Try it: Only one stretch of the records below is wanted: the lines from the one holding "X151.13Y-90.17" through the one holding "VDD) (net 8 ~IRQ)". Return it exactly, both ends included.

Data shown:
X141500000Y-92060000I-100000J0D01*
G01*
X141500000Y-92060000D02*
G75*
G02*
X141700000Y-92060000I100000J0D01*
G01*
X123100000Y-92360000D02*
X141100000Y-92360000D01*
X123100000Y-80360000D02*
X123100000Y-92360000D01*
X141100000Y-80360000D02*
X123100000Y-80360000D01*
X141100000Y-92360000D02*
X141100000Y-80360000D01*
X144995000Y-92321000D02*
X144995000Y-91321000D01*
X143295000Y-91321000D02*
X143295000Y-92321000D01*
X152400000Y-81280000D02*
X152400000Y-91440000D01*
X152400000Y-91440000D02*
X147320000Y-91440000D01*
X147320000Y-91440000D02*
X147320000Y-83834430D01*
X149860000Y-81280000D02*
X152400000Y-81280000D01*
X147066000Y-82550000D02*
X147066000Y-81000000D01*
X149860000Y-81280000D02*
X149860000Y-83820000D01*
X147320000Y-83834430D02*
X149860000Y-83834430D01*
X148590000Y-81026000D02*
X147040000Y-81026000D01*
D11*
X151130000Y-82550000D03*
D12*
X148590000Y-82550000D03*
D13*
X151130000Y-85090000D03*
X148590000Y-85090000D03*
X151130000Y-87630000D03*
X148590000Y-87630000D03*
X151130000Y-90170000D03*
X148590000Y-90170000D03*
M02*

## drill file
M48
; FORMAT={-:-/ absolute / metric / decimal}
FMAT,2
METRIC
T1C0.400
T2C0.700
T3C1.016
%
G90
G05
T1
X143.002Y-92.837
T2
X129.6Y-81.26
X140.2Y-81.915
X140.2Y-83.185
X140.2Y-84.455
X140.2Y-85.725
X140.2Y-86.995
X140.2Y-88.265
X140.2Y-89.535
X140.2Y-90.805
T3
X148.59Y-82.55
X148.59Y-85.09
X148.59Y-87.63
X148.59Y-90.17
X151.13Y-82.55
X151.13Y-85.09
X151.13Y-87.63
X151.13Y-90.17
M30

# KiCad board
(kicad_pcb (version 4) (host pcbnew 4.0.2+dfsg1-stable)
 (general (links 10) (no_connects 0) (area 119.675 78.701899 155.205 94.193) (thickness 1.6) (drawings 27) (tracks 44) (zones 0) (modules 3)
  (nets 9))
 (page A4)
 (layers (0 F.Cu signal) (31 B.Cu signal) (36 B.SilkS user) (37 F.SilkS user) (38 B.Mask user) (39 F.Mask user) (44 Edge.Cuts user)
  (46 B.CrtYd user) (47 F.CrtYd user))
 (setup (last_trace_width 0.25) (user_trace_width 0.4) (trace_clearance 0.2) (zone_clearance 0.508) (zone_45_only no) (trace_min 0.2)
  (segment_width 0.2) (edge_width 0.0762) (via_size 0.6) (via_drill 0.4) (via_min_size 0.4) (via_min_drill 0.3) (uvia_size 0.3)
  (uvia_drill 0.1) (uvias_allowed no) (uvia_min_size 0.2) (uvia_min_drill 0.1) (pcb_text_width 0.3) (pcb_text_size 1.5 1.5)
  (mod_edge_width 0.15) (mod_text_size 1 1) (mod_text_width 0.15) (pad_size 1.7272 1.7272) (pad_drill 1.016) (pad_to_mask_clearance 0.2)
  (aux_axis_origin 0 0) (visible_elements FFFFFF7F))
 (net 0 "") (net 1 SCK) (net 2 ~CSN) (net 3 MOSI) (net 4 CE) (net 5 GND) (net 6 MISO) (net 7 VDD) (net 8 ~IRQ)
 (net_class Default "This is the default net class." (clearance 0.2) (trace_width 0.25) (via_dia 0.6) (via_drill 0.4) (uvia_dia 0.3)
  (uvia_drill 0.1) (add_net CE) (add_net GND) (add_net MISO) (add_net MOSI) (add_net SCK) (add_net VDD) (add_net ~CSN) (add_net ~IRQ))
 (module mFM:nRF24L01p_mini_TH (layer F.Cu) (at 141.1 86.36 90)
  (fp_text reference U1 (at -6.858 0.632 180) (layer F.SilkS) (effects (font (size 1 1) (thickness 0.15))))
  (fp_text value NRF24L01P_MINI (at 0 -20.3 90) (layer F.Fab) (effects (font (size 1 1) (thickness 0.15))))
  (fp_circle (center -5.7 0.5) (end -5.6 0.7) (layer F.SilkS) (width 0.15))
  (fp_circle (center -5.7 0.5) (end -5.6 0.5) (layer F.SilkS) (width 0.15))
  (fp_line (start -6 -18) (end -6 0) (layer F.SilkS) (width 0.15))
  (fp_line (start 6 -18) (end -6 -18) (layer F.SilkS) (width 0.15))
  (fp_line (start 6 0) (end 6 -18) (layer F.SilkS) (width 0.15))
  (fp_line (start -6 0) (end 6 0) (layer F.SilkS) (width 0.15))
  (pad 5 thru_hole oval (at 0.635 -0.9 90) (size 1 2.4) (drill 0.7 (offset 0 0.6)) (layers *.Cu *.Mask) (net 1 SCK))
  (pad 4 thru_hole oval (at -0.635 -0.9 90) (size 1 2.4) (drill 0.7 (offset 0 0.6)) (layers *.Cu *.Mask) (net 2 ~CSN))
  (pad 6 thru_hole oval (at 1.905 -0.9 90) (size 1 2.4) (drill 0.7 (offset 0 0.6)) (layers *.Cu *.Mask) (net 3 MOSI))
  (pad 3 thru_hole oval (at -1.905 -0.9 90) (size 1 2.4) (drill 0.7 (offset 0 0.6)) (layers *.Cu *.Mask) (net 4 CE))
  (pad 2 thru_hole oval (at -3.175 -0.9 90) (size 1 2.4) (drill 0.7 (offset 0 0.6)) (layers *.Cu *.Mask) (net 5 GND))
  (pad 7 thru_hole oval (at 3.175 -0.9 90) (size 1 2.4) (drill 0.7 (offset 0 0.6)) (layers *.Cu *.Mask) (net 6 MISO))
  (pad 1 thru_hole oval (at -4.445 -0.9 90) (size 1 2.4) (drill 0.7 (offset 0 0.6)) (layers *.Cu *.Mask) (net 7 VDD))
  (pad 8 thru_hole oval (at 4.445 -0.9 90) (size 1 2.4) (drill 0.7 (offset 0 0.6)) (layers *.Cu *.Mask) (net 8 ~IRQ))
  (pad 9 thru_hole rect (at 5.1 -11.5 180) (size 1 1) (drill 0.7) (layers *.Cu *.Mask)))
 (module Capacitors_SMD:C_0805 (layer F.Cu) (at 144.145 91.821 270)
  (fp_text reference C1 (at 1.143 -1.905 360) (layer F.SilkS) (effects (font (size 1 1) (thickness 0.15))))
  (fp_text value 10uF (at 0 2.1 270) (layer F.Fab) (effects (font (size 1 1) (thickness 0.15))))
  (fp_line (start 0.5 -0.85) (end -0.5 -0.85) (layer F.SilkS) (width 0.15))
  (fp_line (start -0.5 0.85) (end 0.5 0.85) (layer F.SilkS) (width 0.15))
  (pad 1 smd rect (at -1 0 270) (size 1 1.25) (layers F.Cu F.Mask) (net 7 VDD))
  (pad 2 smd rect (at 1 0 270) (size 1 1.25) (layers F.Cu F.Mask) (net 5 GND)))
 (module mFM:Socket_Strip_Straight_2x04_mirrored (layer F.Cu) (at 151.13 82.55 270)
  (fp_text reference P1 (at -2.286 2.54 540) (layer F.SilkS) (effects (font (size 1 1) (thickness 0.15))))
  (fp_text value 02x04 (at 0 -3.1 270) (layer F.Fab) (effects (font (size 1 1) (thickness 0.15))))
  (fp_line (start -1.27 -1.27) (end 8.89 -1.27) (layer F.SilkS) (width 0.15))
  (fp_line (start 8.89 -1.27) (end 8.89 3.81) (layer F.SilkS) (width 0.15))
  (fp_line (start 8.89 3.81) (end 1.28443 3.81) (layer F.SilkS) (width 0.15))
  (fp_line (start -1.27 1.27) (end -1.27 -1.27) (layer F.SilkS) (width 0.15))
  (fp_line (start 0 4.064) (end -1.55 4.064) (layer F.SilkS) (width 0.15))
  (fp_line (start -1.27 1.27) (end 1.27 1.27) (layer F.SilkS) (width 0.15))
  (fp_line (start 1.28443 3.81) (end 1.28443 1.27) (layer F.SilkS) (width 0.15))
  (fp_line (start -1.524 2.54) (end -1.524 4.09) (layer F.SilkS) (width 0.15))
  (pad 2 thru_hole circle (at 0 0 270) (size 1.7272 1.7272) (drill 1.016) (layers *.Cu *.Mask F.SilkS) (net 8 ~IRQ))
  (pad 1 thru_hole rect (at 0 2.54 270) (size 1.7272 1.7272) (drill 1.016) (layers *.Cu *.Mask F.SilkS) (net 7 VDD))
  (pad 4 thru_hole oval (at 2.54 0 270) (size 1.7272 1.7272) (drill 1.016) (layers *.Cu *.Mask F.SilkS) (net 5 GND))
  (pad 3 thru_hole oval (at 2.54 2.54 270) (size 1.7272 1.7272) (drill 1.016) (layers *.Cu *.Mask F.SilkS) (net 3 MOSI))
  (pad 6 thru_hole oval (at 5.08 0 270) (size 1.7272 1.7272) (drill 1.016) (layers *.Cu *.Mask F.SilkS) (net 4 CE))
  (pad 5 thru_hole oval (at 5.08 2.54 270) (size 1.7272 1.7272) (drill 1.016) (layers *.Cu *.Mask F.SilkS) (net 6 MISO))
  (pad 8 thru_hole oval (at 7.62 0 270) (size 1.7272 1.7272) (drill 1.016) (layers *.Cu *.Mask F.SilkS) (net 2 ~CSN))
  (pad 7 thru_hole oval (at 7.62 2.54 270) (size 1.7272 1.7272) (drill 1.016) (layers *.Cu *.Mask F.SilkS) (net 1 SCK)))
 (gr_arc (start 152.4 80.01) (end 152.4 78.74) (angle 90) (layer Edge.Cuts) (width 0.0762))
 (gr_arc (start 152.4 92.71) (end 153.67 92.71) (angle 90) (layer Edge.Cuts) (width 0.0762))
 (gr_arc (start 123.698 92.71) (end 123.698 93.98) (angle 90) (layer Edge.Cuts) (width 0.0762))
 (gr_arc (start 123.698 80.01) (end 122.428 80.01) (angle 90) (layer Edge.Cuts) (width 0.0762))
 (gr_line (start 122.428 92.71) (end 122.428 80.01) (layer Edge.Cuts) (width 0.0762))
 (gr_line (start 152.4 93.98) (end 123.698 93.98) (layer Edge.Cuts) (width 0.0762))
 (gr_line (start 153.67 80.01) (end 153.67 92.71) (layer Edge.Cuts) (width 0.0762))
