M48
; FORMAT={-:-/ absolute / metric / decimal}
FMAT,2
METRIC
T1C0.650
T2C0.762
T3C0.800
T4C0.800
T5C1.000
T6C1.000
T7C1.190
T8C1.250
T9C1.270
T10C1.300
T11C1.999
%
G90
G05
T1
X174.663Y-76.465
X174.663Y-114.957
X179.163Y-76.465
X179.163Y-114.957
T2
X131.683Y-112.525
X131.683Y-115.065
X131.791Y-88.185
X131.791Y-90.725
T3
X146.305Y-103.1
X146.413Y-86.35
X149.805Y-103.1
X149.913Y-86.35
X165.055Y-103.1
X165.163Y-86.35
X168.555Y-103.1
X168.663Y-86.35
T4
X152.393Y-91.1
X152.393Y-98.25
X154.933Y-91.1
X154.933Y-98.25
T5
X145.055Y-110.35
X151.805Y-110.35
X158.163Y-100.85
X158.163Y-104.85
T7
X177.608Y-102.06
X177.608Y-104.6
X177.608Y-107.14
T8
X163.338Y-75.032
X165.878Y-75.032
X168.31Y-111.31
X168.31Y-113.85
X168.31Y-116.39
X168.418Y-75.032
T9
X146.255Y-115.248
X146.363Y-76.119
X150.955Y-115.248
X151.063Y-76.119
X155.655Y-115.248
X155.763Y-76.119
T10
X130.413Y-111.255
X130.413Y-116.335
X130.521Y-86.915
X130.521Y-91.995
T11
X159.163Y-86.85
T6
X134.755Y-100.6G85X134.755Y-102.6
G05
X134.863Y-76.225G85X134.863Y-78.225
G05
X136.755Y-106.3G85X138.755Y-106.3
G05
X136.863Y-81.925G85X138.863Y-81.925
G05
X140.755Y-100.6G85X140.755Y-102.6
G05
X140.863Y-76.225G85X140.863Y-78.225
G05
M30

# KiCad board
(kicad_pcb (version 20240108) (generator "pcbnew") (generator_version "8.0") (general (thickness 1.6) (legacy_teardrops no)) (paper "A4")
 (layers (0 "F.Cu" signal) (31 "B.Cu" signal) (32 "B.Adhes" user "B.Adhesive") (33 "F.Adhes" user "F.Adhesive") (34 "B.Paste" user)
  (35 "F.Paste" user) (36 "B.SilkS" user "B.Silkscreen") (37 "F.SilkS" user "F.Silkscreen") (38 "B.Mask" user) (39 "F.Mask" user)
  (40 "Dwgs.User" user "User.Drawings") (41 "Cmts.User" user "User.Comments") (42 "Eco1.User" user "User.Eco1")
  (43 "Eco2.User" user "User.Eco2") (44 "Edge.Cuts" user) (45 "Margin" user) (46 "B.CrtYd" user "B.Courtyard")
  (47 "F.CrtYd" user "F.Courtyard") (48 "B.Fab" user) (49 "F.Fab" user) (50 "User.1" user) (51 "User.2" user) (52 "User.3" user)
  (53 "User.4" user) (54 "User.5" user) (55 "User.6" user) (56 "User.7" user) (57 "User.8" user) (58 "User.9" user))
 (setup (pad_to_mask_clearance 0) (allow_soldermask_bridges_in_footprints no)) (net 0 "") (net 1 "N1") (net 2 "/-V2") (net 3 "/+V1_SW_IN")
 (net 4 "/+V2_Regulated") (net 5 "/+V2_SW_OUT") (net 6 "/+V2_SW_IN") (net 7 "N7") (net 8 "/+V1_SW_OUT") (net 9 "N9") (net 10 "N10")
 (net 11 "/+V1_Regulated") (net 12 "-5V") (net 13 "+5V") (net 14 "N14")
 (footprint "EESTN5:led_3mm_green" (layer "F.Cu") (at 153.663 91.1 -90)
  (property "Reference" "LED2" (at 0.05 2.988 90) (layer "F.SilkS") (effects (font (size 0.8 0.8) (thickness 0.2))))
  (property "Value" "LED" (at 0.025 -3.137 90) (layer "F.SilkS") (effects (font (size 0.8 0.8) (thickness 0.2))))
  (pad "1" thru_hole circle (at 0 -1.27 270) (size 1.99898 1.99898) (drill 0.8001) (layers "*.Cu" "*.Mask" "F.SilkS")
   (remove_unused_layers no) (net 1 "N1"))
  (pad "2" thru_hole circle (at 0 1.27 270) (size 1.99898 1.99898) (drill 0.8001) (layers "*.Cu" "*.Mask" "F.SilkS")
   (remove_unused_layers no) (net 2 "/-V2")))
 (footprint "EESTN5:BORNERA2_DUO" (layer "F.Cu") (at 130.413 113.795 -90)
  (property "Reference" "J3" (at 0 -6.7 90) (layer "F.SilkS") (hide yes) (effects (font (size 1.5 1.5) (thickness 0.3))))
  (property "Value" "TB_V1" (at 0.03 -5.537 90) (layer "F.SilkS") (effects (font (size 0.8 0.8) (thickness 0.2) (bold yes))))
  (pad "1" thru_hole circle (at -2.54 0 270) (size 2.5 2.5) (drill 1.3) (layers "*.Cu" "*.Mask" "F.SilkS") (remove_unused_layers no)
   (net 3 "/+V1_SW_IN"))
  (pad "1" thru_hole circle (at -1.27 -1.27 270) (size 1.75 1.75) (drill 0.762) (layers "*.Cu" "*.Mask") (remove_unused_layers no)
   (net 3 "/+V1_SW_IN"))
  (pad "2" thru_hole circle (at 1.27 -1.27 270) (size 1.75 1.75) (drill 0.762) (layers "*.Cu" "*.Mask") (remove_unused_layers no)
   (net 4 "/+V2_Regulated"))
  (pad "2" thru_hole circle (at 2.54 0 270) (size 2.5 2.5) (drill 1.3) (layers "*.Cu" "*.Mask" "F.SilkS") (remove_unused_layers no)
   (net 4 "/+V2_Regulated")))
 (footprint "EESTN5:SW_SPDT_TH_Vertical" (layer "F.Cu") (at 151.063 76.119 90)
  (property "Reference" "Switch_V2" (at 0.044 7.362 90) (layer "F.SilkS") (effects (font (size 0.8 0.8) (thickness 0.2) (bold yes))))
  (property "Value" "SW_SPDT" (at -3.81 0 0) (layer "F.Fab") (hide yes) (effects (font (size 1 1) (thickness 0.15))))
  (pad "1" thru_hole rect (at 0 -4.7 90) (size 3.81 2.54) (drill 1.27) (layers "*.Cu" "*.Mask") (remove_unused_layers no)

Result for this task:
X151.13Y-90.17
M30

# KiCad board
(kicad_pcb (version 4) (host pcbnew 4.0.2+dfsg1-stable)
 (general (links 10) (no_connects 0) (area 119.675 78.701899 155.205 94.193) (thickness 1.6) (drawings 27) (tracks 44) (zones 0) (modules 3)
  (nets 9))
 (page A4)
 (layers (0 F.Cu signal) (31 B.Cu signal) (36 B.SilkS user) (37 F.SilkS user) (38 B.Mask user) (39 F.Mask user) (44 Edge.Cuts user)
  (46 B.CrtYd user) (47 F.CrtYd user))
 (setup (last_trace_width 0.25) (user_trace_width 0.4) (trace_clearance 0.2) (zone_clearance 0.508) (zone_45_only no) (trace_min 0.2)
  (segment_width 0.2) (edge_width 0.0762) (via_size 0.6) (via_drill 0.4) (via_min_size 0.4) (via_min_drill 0.3) (uvia_size 0.3)
  (uvia_drill 0.1) (uvias_allowed no) (uvia_min_size 0.2) (uvia_min_drill 0.1) (pcb_text_width 0.3) (pcb_text_size 1.5 1.5)
  (mod_edge_width 0.15) (mod_text_size 1 1) (mod_text_width 0.15) (pad_size 1.7272 1.7272) (pad_drill 1.016) (pad_to_mask_clearance 0.2)
  (aux_axis_origin 0 0) (visible_elements FFFFFF7F))
 (net 0 "") (net 1 SCK) (net 2 ~CSN) (net 3 MOSI) (net 4 CE) (net 5 GND) (net 6 MISO) (net 7 VDD) (net 8 ~IRQ)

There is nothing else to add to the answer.